» **Task to carry out**
Going down the data below, set down exactly the line with "(edge_width 0.15) (via_size" and each line after it through the line with "(aux_axis_origin 71.15556 73.9267)"; no other lines.

» **Record set**
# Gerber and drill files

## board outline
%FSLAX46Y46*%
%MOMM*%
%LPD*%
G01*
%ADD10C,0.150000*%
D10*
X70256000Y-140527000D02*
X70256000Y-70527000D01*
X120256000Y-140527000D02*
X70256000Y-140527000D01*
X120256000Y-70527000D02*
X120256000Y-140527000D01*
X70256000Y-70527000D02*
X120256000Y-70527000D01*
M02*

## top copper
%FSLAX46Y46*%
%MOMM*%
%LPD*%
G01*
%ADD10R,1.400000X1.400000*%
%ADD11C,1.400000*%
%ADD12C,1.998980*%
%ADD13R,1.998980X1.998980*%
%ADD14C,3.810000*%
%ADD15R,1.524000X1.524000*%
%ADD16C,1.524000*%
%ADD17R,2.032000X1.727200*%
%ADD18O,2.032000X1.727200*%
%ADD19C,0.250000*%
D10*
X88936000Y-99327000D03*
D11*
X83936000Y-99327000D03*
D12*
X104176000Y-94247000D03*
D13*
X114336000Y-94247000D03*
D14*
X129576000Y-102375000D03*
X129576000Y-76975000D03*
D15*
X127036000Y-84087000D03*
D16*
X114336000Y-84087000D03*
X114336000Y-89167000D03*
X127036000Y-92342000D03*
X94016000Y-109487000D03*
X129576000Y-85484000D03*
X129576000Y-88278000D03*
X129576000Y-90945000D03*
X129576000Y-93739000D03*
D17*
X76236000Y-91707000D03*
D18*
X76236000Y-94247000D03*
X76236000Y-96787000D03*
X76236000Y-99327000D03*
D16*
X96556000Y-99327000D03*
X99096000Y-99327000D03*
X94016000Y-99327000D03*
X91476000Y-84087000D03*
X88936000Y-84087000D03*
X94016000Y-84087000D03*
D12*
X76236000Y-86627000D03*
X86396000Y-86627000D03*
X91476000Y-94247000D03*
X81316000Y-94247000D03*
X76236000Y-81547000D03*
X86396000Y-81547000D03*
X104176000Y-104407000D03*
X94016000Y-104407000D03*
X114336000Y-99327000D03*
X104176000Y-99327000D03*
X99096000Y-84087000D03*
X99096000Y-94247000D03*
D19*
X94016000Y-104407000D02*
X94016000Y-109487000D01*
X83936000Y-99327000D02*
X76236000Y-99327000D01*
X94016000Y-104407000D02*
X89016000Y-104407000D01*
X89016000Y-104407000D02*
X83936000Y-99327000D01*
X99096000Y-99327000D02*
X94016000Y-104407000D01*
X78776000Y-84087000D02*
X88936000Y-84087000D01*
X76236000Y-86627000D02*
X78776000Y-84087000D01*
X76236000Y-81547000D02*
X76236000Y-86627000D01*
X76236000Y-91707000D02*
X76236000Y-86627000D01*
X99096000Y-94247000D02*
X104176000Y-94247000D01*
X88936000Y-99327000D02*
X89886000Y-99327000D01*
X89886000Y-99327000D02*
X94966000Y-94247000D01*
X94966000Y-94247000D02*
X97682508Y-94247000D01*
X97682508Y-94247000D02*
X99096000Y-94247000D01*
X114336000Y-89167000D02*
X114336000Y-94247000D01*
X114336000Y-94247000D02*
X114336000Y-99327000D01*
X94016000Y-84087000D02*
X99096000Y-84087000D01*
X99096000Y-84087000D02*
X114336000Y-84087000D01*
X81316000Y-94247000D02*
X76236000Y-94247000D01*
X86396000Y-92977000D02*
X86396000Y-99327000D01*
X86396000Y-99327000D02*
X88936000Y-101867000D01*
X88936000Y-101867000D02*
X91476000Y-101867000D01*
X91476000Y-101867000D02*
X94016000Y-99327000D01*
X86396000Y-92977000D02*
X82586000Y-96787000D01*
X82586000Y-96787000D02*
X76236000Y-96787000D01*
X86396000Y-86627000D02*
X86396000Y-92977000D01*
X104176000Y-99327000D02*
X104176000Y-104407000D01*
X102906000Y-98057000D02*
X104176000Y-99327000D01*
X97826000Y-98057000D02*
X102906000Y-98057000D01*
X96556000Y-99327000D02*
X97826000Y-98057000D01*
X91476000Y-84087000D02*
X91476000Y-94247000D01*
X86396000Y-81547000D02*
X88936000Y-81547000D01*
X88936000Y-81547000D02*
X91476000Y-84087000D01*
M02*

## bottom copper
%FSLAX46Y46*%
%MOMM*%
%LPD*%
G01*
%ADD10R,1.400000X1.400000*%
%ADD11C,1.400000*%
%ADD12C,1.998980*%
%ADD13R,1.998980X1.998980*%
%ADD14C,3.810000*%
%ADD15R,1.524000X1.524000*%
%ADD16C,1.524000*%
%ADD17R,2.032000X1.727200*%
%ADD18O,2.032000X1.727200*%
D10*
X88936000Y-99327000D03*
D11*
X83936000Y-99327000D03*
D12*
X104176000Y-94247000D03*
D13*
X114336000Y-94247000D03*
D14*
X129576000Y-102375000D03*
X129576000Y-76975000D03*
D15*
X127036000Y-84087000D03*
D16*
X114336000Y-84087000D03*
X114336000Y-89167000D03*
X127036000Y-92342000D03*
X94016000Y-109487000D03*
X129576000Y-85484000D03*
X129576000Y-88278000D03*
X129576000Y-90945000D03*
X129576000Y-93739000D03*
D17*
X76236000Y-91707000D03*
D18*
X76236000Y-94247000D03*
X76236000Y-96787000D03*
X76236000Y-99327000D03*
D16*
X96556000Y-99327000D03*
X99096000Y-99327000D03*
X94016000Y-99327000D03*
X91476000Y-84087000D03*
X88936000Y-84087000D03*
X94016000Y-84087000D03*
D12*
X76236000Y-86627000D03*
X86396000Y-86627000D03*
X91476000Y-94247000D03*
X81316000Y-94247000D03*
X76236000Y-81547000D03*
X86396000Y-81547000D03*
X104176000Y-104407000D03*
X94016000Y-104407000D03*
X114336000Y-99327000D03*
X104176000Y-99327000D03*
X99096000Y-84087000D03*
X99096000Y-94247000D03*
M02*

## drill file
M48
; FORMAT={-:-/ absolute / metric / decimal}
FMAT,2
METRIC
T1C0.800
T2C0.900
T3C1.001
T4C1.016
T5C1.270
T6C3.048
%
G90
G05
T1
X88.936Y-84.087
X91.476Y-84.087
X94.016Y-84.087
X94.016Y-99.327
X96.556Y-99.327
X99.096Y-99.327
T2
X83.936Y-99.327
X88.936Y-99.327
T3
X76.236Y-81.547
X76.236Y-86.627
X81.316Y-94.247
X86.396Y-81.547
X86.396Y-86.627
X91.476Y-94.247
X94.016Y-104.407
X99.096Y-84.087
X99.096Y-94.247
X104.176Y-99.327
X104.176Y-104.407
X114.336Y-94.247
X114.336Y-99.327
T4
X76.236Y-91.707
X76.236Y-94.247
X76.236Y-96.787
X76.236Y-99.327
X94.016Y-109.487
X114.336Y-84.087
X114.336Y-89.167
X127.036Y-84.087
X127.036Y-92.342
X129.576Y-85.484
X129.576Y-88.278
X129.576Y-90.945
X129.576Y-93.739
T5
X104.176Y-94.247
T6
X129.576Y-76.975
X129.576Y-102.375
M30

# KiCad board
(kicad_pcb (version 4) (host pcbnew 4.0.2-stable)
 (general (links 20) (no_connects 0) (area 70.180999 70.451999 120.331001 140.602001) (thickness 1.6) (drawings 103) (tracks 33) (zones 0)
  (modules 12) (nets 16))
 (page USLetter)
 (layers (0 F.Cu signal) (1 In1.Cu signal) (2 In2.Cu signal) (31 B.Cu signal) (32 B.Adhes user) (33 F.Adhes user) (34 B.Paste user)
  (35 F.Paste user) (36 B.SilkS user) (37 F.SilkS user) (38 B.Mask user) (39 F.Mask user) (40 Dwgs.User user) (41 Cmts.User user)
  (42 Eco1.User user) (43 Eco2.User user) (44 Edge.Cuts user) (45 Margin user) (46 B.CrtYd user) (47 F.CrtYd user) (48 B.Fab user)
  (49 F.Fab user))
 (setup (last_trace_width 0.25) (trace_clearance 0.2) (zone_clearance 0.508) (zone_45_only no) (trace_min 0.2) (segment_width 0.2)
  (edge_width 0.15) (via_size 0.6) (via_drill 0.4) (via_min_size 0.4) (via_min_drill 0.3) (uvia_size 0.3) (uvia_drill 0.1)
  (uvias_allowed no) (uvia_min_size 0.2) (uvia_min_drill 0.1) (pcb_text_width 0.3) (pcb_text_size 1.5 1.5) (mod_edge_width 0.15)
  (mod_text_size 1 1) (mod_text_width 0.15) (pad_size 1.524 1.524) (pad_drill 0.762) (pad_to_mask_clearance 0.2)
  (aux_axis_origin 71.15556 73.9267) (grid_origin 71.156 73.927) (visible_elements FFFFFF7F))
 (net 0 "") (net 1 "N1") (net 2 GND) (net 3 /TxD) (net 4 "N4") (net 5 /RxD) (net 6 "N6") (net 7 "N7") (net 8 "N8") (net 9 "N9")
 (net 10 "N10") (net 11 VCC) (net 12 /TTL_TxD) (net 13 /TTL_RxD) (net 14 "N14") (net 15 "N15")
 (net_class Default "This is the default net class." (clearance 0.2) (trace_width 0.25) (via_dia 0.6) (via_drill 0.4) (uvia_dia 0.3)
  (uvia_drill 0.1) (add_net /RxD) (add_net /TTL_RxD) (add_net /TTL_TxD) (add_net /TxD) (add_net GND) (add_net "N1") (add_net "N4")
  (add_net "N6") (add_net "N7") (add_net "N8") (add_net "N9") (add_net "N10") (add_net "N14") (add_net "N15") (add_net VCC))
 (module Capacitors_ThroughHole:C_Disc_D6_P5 (layer F.Cu) (at 88.936 99.327 180)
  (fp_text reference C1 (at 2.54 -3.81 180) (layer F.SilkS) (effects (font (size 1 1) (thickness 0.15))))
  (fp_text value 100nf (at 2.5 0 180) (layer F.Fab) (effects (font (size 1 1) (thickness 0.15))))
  (pad 1 thru_hole rect (at 0 0 180) (size 1.4 1.4) (drill 0.9) (layers *.Cu *.Mask F.SilkS) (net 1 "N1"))
  (pad 2 thru_hole circle (at 5 0 180) (size 1.4 1.4) (drill 0.9) (layers *.Cu *.Mask F.SilkS) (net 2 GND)))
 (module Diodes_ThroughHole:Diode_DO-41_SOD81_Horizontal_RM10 (layer F.Cu) (at 114.336 94.24446 180)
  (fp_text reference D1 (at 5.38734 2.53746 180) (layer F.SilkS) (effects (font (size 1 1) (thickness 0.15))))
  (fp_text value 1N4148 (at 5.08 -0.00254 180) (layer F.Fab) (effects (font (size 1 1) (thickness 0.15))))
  (pad 2 thru_hole circle (at 10.16 -0.00254) (size 1.99898 1.99898) (drill 1.27) (layers *.Cu *.Mask F.SilkS) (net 1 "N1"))
  (pad 1 thru_hole rect (at 0 -0.00254) (size 1.99898 1.99898) (drill 1.00076) (layers *.Cu *.Mask F.SilkS) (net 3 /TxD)))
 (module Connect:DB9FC (layer F.Cu) (at 128.306 89.548 270)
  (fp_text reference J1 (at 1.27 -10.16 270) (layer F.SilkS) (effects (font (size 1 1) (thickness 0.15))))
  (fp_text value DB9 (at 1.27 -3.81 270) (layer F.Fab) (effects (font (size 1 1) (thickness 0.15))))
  (pad "" thru_hole circle (at 12.827 -1.27 270) (size 3.81 3.81) (drill 3.048) (layers *.Cu *.Mask F.SilkS))
  (pad "" thru_hole circle (at -12.573 -1.27 270) (size 3.81 3.81) (drill 3.048) (layers *.Cu *.Mask F.SilkS))
  (pad 1 thru_hole rect (at -5.461 1.27 270) (size 1.524 1.524) (drill 1.016) (layers *.Cu *.Mask F.SilkS) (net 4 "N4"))
  (pad 2 thru_hole circle (at -5.461 13.97 270) (size 1.524 1.524) (drill 1.016) (layers *.Cu *.Mask F.SilkS) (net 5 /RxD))
  (pad 3 thru_hole circle (at -0.381 13.97 270) (size 1.524 1.524) (drill 1.016) (layers *.Cu *.Mask F.SilkS) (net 3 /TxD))
  (pad 4 thru_hole circle (at 2.794 1.27 270) (size 1.524 1.524) (drill 1.016) (layers *.Cu *.Mask F.SilkS) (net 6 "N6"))
  (pad 5 thru_hole circle (at 19.939 34.29 270) (size 1.524 1.524) (drill 1.016) (layers *.Cu *.Mask F.SilkS) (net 2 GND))
  (pad 6 thru_hole circle (at -4.064 -1.27 270) (size 1.524 1.524) (drill 1.016) (layers *.Cu *.Mask F.SilkS) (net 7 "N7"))
  (pad 7 thru_hole circle (at -1.27 -1.27 270) (size 1.524 1.524) (drill 1.016) (layers *.Cu *.Mask F.SilkS) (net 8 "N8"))
  (pad 8 thru_hole circle (at 1.397 -1.27 270) (size 1.524 1.524) (drill 1.016) (layers *.Cu *.Mask F.SilkS) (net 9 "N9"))
  (pad 9 thru_hole circle (at 4.191 -1.27 270) (size 1.524 1.524) (drill 1.016) (layers *.Cu *.Mask F.SilkS) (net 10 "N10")))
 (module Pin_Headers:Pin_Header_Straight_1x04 (layer F.Cu) (at 76.236 91.707)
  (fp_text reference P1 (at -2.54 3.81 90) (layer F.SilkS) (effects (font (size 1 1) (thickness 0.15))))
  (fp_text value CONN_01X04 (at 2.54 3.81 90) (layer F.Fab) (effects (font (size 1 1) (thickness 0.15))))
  (pad 1 thru_hole rect (at 0 0) (size 2.032 1.7272) (drill 1.016) (layers *.Cu *.Mask F.SilkS) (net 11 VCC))
  (pad 2 thru_hole oval (at 0 2.54) (size 2.032 1.7272) (drill 1.016) (layers *.Cu *.Mask F.SilkS) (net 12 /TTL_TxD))
  (pad 3 thru_hole oval (at 0 5.08) (size 2.032 1.7272) (drill 1.016) (layers *.Cu *.Mask F.SilkS) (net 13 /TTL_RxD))
  (pad 4 thru_hole oval (at 0 7.62) (size 2.032 1.7272) (drill 1.016) (layers *.Cu *.Mask F.SilkS) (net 2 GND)))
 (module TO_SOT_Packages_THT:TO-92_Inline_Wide (layer F.Cu) (at 94.016 99.327)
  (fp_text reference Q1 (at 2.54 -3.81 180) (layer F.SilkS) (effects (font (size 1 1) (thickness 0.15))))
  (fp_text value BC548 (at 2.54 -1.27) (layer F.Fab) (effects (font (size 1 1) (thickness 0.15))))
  (pad 2 thru_hole circle (at 2.54 0 90) (size 1.524 1.524) (drill 0.8) (layers *.Cu *.Mask F.SilkS) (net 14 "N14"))
  (pad 3 thru_hole circle (at 5.08 0 90) (size 1.524 1.524) (drill 0.8) (layers *.Cu *.Mask F.SilkS) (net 2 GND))
  (pad 1 thru_hole circle (at 0 0 90) (size 1.524 1.524) (drill 0.8) (layers *.Cu *.Mask F.SilkS) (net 13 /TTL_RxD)))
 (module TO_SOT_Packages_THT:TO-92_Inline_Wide (layer F.Cu) (at 94.016 84.087 180)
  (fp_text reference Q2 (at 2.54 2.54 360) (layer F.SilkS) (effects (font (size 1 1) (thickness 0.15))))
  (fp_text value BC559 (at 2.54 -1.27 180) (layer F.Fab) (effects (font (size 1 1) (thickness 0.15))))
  (pad 2 thru_hole circle (at 2.54 0 270) (size 1.524 1.524) (drill 0.8) (layers *.Cu *.Mask F.SilkS) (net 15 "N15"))
  (pad 3 thru_hole circle (at 5.08 0 270) (size 1.524 1.524) (drill 0.8) (layers *.Cu *.Mask F.SilkS) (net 11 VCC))
  (pad 1 thru_hole circle (at 0 0 270) (size 1.524 1.524) (drill 0.8) (layers *.Cu *.Mask F.SilkS) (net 5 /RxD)))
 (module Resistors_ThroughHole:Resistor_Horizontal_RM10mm (layer F.Cu) (at 76.236 86.627)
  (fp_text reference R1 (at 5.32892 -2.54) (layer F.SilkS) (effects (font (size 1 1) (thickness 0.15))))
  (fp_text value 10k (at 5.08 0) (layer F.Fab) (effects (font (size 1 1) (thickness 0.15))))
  (pad 1 thru_hole circle (at 0 0) (size 1.99898 1.99898) (drill 1.00076) (layers *.Cu *.SilkS *.Mask) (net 11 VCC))
  (pad 2 thru_hole circle (at 10.16 0) (size 1.99898 1.99898) (drill 1.00076) (layers *.Cu *.SilkS *.Mask) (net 13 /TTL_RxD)))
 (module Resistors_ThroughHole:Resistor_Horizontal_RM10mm (layer F.Cu) (at 91.476 94.247 180)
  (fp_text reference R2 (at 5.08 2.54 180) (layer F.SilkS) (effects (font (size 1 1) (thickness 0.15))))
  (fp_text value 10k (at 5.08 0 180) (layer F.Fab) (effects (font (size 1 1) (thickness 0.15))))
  (pad 1 thru_hole circle (at 0 0 180) (size 1.99898 1.99898) (drill 1.00076) (layers *.Cu *.SilkS *.Mask) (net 15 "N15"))
  (pad 2 thru_hole circle (at 10.16 0 180) (size 1.99898 1.99898) (drill 1.00076) (layers *.Cu *.SilkS *.Mask) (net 12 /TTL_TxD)))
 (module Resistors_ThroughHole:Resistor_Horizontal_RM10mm (layer F.Cu) (at 76.236 81.547)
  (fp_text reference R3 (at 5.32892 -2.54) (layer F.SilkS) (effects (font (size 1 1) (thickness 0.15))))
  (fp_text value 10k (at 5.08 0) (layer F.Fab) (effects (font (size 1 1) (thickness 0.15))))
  (pad 1 thru_hole circle (at 0 0) (size 1.99898 1.99898) (drill 1.00076) (layers *.Cu *.SilkS *.Mask) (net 11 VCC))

» **Answer**
  (edge_width 0.15) (via_size 0.6) (via_drill 0.4) (via_min_size 0.4) (via_min_drill 0.3) (uvia_size 0.3) (uvia_drill 0.1)
  (uvias_allowed no) (uvia_min_size 0.2) (uvia_min_drill 0.1) (pcb_text_width 0.3) (pcb_text_size 1.5 1.5) (mod_edge_width 0.15)
  (mod_text_size 1 1) (mod_text_width 0.15) (pad_size 1.524 1.524) (pad_drill 0.762) (pad_to_mask_clearance 0.2)
  (aux_axis_origin 71.15556 73.9267) (grid_origin 71.156 73.927) (visible_elements FFFFFF7F))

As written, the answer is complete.